Barclays have referred their Decision Notices to the Upper Tribunal. Any findings in the Notices are therefore provisional and reflect the FCA’s belief as to what occurred and how it considers the firms’ behaviour should be characterised. The Financial Conduct Authority (FCA) has decided to fine Barclays a total of £50 million in relation to its failure to disclose certain arrangements agreed with Qatari entities as part of its capital raisings announced on 25 June 2008 and 31 October 2008. Barclays’ conduct in the October capital raising was reckless and lacked integrity.
The Upper Tribunal will determine whether to uphold the FCA’s decisions against Barclays or not and whether there are any other actions that should be taken by the FCA. The Upper Tribunal’s decision will be made public on its website following a hearing. Accordingly, the action outlined in the Decision Notices will have no effect pending the determination of the cases by the Upper Tribunal. The capital raisings were conducted at the time of the 2008 financial crisis and subject to intense market and public scrutiny.
Certain Qatari entities were key investors in both capital raisings. At the same time, as part of the basis on which the Qatari entities agreed to participate in the capital raisings, Barclays entered into two advisory agreements involving payments to one of the Qatari entities totalling £322 million over three and five years respectively.
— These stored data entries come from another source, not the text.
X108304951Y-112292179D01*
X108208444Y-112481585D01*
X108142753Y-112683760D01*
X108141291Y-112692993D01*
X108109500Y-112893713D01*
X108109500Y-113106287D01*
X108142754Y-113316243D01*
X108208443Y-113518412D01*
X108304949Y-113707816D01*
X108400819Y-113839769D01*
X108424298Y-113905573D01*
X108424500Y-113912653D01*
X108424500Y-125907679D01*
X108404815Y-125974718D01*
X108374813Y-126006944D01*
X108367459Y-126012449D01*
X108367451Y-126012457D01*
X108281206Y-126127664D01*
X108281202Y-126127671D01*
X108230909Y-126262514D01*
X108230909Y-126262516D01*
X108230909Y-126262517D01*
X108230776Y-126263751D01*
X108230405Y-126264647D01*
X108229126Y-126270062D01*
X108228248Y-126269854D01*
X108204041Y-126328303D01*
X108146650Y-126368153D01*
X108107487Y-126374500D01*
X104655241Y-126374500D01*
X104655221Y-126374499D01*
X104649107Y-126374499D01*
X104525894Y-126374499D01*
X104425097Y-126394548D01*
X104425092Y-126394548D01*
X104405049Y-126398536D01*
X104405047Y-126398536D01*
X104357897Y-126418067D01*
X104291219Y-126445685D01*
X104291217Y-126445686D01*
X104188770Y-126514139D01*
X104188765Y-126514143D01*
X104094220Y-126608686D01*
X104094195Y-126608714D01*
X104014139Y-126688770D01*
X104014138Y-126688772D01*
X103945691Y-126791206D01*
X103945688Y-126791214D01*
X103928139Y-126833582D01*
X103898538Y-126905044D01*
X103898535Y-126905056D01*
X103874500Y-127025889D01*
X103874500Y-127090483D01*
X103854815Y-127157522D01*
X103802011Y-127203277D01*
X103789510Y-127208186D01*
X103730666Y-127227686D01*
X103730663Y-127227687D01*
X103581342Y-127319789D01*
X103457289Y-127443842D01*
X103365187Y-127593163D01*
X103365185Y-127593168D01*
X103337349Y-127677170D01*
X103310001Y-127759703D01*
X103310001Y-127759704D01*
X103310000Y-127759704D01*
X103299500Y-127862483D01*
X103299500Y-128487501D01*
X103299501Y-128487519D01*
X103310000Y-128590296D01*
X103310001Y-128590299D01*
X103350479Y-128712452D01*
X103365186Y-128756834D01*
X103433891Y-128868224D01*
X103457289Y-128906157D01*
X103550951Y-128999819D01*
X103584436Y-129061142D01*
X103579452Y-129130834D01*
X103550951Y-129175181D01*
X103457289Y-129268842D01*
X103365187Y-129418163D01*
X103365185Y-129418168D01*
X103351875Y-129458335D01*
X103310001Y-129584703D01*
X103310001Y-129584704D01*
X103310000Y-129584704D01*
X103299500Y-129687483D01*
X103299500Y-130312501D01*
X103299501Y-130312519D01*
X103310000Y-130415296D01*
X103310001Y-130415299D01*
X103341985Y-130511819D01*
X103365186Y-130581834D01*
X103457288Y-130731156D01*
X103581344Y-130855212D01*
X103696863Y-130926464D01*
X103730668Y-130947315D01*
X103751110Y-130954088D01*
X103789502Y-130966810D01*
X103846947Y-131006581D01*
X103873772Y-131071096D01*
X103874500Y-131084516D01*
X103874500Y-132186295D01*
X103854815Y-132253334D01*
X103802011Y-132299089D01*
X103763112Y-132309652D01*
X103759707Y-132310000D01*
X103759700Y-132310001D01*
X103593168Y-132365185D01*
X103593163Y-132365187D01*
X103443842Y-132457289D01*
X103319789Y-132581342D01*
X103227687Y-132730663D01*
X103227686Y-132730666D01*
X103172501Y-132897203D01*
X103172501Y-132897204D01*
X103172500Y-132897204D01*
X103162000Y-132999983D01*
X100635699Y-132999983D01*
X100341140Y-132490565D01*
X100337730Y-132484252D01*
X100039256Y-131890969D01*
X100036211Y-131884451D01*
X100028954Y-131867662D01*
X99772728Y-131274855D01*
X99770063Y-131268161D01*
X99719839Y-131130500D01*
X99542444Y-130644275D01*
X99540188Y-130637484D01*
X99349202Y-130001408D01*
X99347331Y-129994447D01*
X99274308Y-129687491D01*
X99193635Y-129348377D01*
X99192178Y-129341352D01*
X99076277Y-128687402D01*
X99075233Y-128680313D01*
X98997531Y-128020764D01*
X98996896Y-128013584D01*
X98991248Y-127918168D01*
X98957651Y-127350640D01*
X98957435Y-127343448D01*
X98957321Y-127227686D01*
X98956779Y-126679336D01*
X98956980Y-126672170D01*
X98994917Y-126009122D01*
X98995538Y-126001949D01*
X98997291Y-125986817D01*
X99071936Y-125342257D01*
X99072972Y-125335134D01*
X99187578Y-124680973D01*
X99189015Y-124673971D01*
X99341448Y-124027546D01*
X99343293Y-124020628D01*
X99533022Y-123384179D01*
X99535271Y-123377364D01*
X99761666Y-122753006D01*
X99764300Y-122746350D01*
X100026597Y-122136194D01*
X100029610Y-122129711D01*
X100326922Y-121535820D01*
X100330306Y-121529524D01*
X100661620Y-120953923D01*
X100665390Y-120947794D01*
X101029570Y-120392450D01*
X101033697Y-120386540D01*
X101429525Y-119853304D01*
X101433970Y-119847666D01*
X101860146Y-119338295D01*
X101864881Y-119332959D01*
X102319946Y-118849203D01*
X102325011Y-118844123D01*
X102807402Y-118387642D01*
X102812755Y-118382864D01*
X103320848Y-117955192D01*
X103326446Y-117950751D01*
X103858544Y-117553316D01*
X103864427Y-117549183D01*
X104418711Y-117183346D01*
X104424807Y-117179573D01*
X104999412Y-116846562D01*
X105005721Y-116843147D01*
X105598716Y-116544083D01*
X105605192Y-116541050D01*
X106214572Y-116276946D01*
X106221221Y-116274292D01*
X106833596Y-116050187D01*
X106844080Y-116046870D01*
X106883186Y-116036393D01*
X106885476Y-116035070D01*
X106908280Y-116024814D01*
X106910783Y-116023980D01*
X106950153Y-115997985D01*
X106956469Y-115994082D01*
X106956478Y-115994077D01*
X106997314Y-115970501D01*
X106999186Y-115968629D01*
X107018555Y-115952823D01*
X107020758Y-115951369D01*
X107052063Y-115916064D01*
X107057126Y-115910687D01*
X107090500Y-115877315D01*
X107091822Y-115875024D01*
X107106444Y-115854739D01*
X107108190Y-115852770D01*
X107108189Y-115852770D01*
These payments were calculated specifically by reference to the Qataris’ financial demands for investing in the capital raisings, not the value of the advisory services that Barclays expected to receive under the agreements.
Barclays published announcements and prospectuses concerning the capital raisings and, in relation to the October capital raising, a shareholder circular. Barclays disclosed that it had entered into an advisory agreement in June 2008, but did not disclose the October agreement, and did not disclose the payments under the capital raisings or their connection to the Qatari entities’ participation in the capital raisings.
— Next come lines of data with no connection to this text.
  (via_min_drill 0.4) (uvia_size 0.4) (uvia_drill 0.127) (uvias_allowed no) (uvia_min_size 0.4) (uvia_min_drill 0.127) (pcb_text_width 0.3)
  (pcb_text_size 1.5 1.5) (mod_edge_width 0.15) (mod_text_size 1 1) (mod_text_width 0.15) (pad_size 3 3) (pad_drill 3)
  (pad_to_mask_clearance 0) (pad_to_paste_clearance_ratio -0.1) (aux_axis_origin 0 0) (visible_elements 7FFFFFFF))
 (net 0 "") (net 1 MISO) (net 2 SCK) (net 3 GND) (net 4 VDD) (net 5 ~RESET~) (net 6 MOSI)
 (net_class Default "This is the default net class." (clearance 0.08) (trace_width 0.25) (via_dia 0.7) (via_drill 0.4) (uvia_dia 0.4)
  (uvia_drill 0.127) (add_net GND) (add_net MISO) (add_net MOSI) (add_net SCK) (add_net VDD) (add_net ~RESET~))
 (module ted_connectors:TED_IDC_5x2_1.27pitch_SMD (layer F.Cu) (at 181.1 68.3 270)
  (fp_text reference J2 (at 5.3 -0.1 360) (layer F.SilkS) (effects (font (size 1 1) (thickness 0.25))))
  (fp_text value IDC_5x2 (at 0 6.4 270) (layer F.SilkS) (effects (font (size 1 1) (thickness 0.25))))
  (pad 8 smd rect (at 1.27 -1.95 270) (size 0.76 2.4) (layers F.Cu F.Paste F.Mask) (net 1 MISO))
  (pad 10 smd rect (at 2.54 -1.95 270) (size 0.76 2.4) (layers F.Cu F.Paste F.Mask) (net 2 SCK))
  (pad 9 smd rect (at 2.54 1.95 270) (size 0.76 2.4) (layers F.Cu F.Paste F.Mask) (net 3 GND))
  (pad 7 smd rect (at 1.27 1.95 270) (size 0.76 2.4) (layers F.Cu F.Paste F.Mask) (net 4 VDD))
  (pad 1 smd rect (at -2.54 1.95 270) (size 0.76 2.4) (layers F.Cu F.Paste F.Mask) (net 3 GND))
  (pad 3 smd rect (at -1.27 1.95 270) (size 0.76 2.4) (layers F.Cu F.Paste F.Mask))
The disclosure of the payments would have had a material impact on the terms of the capital raisings as disclosed, more than doubling the disclosed level of payments due to the Qatari entities in connection with their participation in the June capital raising and tripling the payments due to them in connection with their participation in the October capital raising. The FCA considers that it would have been highly relevant information to shareholders, investors and the wider market, especially in October 2008, in circumstances where the disclosed costs were already perceived to be very expensive.
The FCA issued Warning Notices against Barclays in 2013. The case was paused at that point pending the resolution of criminal proceedings brought by the Serious Fraud Office against Barclays and others. The case restarted following the end of those proceedings in 2019.
Mark Steward, Executive Director of Enforcement and Market Oversight, commented: ‘At the height of the financial crisis in October 2008, Barclays paid hundreds of millions of pounds in fees to certain Qatari investors so that they would contribute new capital. Barclays did not inform the market and shareholders about these matters as required. Barclays’ failure to disclose these matters was reckless and lacked integrity and followed an earlier failure to disclose fees paid to Qatari investors in June 2008. There was no legitimate reason or excuse for failing to disclose these matters, certainly no basis for doing so because of the financial crisis. Due transparency is always critical to financial markets, especially in times of market or financial stress. These findings by the FCA will now be considered by the Upper Tribunal.’